Go Outside

“You never get to point at a meadow full of browsing mule deer and say, ‘You know, all this was once condos.’” (John Gierach)

Still on a rant. It’s crawling around up and down my spine and making me itch crazily.

I know this is a lot about how I look at the world in my particularly off-kilter way. But largest place I ever lived was Slidell. It was a nightmare, and that was in the mid-1980s. I remember feeling claustrophobic and short of breath; worse, I lived in an apartment and that was sheer torture. In the end, and in hindsight, I realize I made excuses: My father had been diagnosed with heart disease and a touch of emphysema while I lived in Slidell, and I latched onto his failing health to flee the concrete, steel and throngs of harried, scurrying people.

And violence? My God. The violence of cities leaves me aghast. Even if I were never mugged, attacked by a mob of vicious thugs or carjacked, I’d die of anxiety. Nope. Not for me. No job over there pays enough. No teaspoon-sized yard can hold enough green, and no locked door is strong enough.

Look at what we’ve done out west to support cities. Look at all the water diversions constructed to feed places like Los Angeles. See what it’s done to the Colorado River. Appalling. No less, though, than what was done to the Atchafalaya River Basin, or the Kissimmee River. I often call myself a hypocrite when I see presidents using executive orders to circumvent Congress, because I recall that Theodore Roosevelt used that same tool to create many, many national forests, national parks and national monuments which otherwise would have been lost. I guess it’s true: Evil is subjective.

But it’s not just cities that have altered the psyche of the masses. Even here in the “country” we’re infected with what Richard Louv coined “nature deficit disorder.”

In his book, Last Child in the Woods, Louv quotes an elementary student he interviewed:

“I like to play indoors better, ‘cause that’s where all the electrical outlets are.”

If that’s not terrifying, I don’t know what is.

Louv theorizes that ADHD, obesity, inability to pay attention, depression and stress are all caused by nature deficit disorder. And he says a healthy dose of outside play in green spaces goes a long way to curing those ills.

Can the same be said for adults? Louv thinks so. I’m sure of it. I know that a walk in the back of my house down to the bayou can knock a dent in the stark discomfort of concrete steel and glass.

His work in Last Child in the Woods led filmmakers to not only test but demonstrate the truth of Louv’s premise. Mother Nature’s Child features children from Vermont to Washington, D.C. brought afield and studied their reactions to it. The results were truly astounding: Kids plagued with behavioral and attention problems underwent an incredible transformation in the woods and parks and river banks.

So we beg the question: How do we fit outdoors time for our children into complex, over packed lives? How do we weigh outdoors time against the undeniable existence of criminals and predators?

As adults, how do we do it for ourselves? A crazed man assaulted a couple hiking on the Appalachian Trail recently. He told police he attacked them because they were young and looked well-off, so he figured they’d have some pot on them. They didn’t.

A woman was killed on a popular hiking trail in the Blue Ridge Mountains by a 61-year-old drifter.

The stories are out there, and they are frightening.

There must be answers, though. Especially for people like us, “country folks” who have all this natural medicine around us. There must be a way to surmount the fear, for our children and for ourselves.

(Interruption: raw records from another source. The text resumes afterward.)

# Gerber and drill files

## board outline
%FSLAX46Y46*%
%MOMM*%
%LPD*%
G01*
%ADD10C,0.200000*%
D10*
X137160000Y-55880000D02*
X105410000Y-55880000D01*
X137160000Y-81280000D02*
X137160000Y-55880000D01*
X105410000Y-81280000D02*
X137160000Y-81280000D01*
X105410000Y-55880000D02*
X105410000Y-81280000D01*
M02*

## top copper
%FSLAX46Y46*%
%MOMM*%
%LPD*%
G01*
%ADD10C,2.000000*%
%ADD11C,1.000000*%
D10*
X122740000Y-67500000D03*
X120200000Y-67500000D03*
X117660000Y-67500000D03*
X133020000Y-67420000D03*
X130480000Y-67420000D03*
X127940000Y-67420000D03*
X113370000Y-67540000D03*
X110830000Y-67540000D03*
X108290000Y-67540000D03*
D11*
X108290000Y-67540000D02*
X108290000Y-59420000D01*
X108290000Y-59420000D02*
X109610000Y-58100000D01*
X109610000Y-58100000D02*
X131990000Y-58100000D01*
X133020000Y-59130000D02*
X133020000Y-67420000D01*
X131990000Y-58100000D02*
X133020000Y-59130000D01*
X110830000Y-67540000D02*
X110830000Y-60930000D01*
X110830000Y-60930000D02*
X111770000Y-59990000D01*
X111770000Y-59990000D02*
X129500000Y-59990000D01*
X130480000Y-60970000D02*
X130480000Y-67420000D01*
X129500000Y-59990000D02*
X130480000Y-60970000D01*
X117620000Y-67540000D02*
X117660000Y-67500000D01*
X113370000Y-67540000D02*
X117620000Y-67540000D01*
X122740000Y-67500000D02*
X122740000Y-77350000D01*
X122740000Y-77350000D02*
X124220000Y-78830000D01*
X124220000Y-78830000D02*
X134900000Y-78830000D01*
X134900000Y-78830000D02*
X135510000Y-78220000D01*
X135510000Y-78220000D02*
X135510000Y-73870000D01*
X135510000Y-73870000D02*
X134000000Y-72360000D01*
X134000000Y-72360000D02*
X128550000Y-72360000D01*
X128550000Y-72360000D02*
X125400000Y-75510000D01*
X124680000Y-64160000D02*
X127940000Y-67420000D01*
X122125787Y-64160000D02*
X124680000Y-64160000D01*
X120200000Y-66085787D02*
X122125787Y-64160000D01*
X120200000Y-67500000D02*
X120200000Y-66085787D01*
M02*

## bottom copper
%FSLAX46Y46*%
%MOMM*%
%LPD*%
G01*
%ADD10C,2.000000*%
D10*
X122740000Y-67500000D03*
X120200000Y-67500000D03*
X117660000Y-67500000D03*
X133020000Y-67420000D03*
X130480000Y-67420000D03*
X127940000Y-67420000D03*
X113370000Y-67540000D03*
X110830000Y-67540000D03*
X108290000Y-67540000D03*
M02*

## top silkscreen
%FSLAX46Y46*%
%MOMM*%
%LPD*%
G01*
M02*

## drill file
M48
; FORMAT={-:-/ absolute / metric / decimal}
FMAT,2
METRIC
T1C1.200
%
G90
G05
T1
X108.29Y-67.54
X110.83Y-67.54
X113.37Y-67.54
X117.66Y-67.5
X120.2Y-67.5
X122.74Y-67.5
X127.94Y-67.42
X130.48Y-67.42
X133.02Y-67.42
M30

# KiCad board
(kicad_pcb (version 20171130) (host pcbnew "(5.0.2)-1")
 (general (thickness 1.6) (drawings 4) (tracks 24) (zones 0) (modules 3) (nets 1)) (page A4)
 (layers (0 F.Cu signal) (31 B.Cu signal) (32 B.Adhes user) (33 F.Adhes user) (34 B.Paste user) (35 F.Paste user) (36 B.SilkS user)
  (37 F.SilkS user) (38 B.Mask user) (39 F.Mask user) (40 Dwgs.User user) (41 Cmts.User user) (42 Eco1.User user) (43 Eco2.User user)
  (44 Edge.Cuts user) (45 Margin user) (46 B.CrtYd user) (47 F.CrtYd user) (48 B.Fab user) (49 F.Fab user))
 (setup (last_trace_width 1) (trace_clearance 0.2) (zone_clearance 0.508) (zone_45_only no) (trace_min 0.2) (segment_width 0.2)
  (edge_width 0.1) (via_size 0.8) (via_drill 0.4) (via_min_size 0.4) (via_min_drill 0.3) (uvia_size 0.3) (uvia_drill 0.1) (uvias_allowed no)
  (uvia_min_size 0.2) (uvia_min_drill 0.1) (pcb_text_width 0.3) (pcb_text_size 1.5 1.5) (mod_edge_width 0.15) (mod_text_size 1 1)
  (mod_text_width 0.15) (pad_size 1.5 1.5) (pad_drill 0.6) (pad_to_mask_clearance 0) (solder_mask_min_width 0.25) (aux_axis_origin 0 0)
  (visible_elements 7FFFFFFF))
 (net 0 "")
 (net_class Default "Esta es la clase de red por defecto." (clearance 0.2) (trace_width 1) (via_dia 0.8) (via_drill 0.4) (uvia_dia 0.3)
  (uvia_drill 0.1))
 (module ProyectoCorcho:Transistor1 (layer F.Cu) (at 120.2 67.5)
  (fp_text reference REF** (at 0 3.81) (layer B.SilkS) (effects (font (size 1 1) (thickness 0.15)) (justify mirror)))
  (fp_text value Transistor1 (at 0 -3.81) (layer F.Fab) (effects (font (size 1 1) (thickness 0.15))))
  (pad 3 thru_hole circle (at 2.54 0) (size 2 2) (drill 1.2) (layers *.Cu *.Mask))
  (pad 2 thru_hole circle (at 0 0) (size 2 2) (drill 1.2) (layers *.Cu *.Mask))
  (pad 1 thru_hole circle (at -2.54 0) (size 2 2) (drill 1.2) (layers *.Cu *.Mask)))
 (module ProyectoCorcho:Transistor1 (layer F.Cu) (at 130.48 67.42)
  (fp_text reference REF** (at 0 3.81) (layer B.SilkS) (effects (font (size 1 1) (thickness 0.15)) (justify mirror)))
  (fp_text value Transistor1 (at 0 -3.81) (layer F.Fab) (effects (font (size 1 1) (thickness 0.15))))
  (pad 3 thru_hole circle (at 2.54 0) (size 2 2) (drill 1.2) (layers *.Cu *.Mask))
  (pad 2 thru_hole circle (at 0 0) (size 2 2) (drill 1.2) (layers *.Cu *.Mask))
  (pad 1 thru_hole circle (at -2.54 0) (size 2 2) (drill 1.2) (layers *.Cu *.Mask)))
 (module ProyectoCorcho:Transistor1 (layer F.Cu) (at 110.83 67.54)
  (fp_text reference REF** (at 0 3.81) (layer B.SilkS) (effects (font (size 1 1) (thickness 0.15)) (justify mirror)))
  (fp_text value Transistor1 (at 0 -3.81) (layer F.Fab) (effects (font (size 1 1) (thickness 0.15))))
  (pad 3 thru_hole circle (at 2.54 0) (size 2 2) (drill 1.2) (layers *.Cu *.Mask))
  (pad 2 thru_hole circle (at 0 0) (size 2 2) (drill 1.2) (layers *.Cu *.Mask))
  (pad 1 thru_hole circle (at -2.54 0) (size 2 2) (drill 1.2) (layers *.Cu *.Mask)))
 (gr_line (start 137.16 55.88) (end 105.41 55.88) (layer Edge.Cuts) (width 0.2))
 (gr_line (start 137.16 81.28) (end 137.16 55.88) (layer Edge.Cuts) (width 0.2))
 (gr_line (start 105.41 81.28) (end 137.16 81.28) (layer Edge.Cuts) (width 0.2))
 (gr_line (start 105.41 55.88) (end 105.41 81.28) (layer Edge.Cuts) (width 0.2))
 (segment (start 108.29 67.54) (end 108.29 59.42) (width 1) (layer F.Cu) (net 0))
 (segment (start 108.29 59.42) (end 109.61 58.1) (width 1) (layer F.Cu) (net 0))
 (segment (start 109.61 58.1) (end 131.99 58.1) (width 1) (layer F.Cu) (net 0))
 (segment (start 133.02 59.13) (end 133.02 67.42) (width 1) (layer F.Cu) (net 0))
 (segment (start 131.99 58.1) (end 133.02 59.13) (width 1) (layer F.Cu) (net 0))
 (segment (start 110.83 67.54) (end 110.83 60.93) (width 1) (layer F.Cu) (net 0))
 (segment (start 110.83 60.93) (end 111.77 59.99) (width 1) (layer F.Cu) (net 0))
 (segment (start 111.77 59.99) (end 129.5 59.99) (width 1) (layer F.Cu) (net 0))
 (segment (start 130.48 60.97) (end 130.48 67.42) (width 1) (layer F.Cu) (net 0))
 (segment (start 129.5 59.99) (end 130.48 60.97) (width 1) (layer F.Cu) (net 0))
 (segment (start 117.62 67.54) (end 117.66 67.5) (width 1) (layer F.Cu) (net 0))
 (segment (start 113.37 67.54) (end 117.62 67.54) (width 1) (layer F.Cu) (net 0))
 (segment (start 122.74 67.5) (end 122.74 77.35) (width 1) (layer F.Cu) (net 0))
 (segment (start 122.74 77.35) (end 124.22 78.83) (width 1) (layer F.Cu) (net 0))
 (segment (start 124.22 78.83) (end 134.9 78.83) (width 1) (layer F.Cu) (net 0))
 (segment (start 134.9 78.83) (end 135.51 78.22) (width 1) (layer F.Cu) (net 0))
 (segment (start 135.51 78.22) (end 135.51 73.87) (width 1) (layer F.Cu) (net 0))
 (segment (start 135.51 73.87) (end 134 72.36) (width 1) (layer F.Cu) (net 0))
 (segment (start 134 72.36) (end 128.55 72.36) (width 1) (layer F.Cu) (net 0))
 (segment (start 128.55 72.36) (end 125.4 75.51) (width 1) (layer F.Cu) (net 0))
 (segment (start 124.68 64.16) (end 127.94 67.42) (width 1) (layer F.Cu) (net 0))
 (segment (start 122.125787 64.16) (end 124.68 64.16) (width 1) (layer F.Cu) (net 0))
 (segment (start 120.2 66.085787) (end 122.125787 64.16) (width 1) (layer F.Cu) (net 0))
 (segment (start 120.2 67.5) (end 120.2 66.085787) (width 1) (layer F.Cu) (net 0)))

At first, cities were formed and grew as a means of protection. Safety in numbers during the Middle Ages. Inevitably, the evil from outside spawned within, and cities have now taken the lead in violence and mayhem.

Which brings me back again to the point I made last week: We have to take back our communities, whether urban or rural or somewhere in between.

Community churches, schools and parks are absolutely essential. We have to stem the tide of mega-mall schools and centralized parks, and we have to keep the thugs out of them by whatever means necessary. Government must stop whining about budgets and get the job done in terms of law enforcement. The old standards still are valid: A cop on the beat walking the business district; a library in every section of the city; a presence of law officers everywhere; and a school in every broad neighborhood, where the community can focus. There are a lot worse things we could spend our tax dollars on.

Because in the end, despite our egotism, religious tenets that give us “dominion” over the natural world and our fears, we are creatures of nature. I truly believe we cannot thrive without it.

1 comment to Go Outside

  • Well done – as usual.
    Suggestion: rather than writing books, why don’t you see about getting syndicated and spread the word beyond the choir-loft? Some of the “columnists” in BR, Laf, and S’port, for example, are so only in name.
    Just don’t mention “the crick” too often, “for Pete’s sake!”